BEGIN DATA RECORDS

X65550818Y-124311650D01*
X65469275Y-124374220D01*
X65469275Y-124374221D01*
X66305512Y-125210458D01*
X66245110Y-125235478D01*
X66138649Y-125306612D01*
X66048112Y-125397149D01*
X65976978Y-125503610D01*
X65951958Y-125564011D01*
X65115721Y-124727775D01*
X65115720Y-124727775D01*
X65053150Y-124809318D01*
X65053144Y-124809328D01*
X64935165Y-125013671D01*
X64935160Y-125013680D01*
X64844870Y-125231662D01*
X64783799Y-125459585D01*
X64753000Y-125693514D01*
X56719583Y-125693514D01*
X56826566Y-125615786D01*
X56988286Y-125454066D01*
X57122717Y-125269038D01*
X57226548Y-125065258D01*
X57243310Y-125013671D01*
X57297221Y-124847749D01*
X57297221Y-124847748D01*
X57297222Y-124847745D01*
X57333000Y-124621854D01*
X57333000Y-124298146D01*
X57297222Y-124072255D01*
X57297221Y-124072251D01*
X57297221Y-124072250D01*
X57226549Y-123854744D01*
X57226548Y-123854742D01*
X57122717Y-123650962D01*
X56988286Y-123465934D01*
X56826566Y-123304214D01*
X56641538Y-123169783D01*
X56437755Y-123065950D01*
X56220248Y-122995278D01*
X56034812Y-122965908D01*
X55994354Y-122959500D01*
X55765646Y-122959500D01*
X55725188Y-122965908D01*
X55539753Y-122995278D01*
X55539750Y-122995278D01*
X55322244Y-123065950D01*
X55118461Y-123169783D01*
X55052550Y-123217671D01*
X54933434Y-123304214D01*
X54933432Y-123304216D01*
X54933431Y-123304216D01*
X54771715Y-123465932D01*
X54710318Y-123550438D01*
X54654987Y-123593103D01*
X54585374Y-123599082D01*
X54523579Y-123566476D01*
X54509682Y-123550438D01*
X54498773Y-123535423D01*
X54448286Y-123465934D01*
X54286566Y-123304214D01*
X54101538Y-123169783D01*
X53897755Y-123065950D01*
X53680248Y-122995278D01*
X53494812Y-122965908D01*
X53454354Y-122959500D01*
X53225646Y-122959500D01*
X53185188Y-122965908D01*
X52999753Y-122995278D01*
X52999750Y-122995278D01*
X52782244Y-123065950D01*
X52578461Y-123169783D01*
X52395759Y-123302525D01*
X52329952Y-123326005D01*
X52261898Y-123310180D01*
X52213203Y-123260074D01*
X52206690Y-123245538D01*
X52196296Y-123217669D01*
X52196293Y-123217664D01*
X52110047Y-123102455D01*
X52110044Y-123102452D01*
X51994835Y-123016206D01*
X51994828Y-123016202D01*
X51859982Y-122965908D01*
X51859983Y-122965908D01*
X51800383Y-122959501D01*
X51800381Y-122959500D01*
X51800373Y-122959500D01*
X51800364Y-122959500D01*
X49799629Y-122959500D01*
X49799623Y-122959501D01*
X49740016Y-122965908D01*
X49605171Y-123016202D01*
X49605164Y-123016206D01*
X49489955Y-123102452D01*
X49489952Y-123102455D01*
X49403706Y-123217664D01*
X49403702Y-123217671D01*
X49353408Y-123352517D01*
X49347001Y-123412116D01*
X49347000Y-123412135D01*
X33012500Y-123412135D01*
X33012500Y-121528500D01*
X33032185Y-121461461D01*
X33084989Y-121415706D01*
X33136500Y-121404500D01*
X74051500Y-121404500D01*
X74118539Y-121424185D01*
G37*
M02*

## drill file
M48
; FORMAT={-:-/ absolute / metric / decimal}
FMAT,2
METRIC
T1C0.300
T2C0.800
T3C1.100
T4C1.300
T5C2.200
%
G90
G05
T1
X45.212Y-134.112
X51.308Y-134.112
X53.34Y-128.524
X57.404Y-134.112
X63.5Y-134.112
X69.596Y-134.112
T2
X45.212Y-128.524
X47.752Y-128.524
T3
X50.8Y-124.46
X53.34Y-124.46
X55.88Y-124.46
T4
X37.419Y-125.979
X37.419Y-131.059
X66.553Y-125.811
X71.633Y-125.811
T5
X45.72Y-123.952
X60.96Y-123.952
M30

END DATA RECORDS

Please give an exact copy of the entries above, from the line with "X52213203Y-123260074D01*" down to the line with "X49799623Y-122959501D01*", inclusive, and nothing else.

### [RESULT]
X52213203Y-123260074D01*
X52206690Y-123245538D01*
X52196296Y-123217669D01*
X52196293Y-123217664D01*
X52110047Y-123102455D01*
X52110044Y-123102452D01*
X51994835Y-123016206D01*
X51994828Y-123016202D01*
X51859982Y-122965908D01*
X51859983Y-122965908D01*
X51800383Y-122959501D01*
X51800381Y-122959500D01*
X51800373Y-122959500D01*
X51800364Y-122959500D01*
X49799629Y-122959500D01*
X49799623Y-122959501D01*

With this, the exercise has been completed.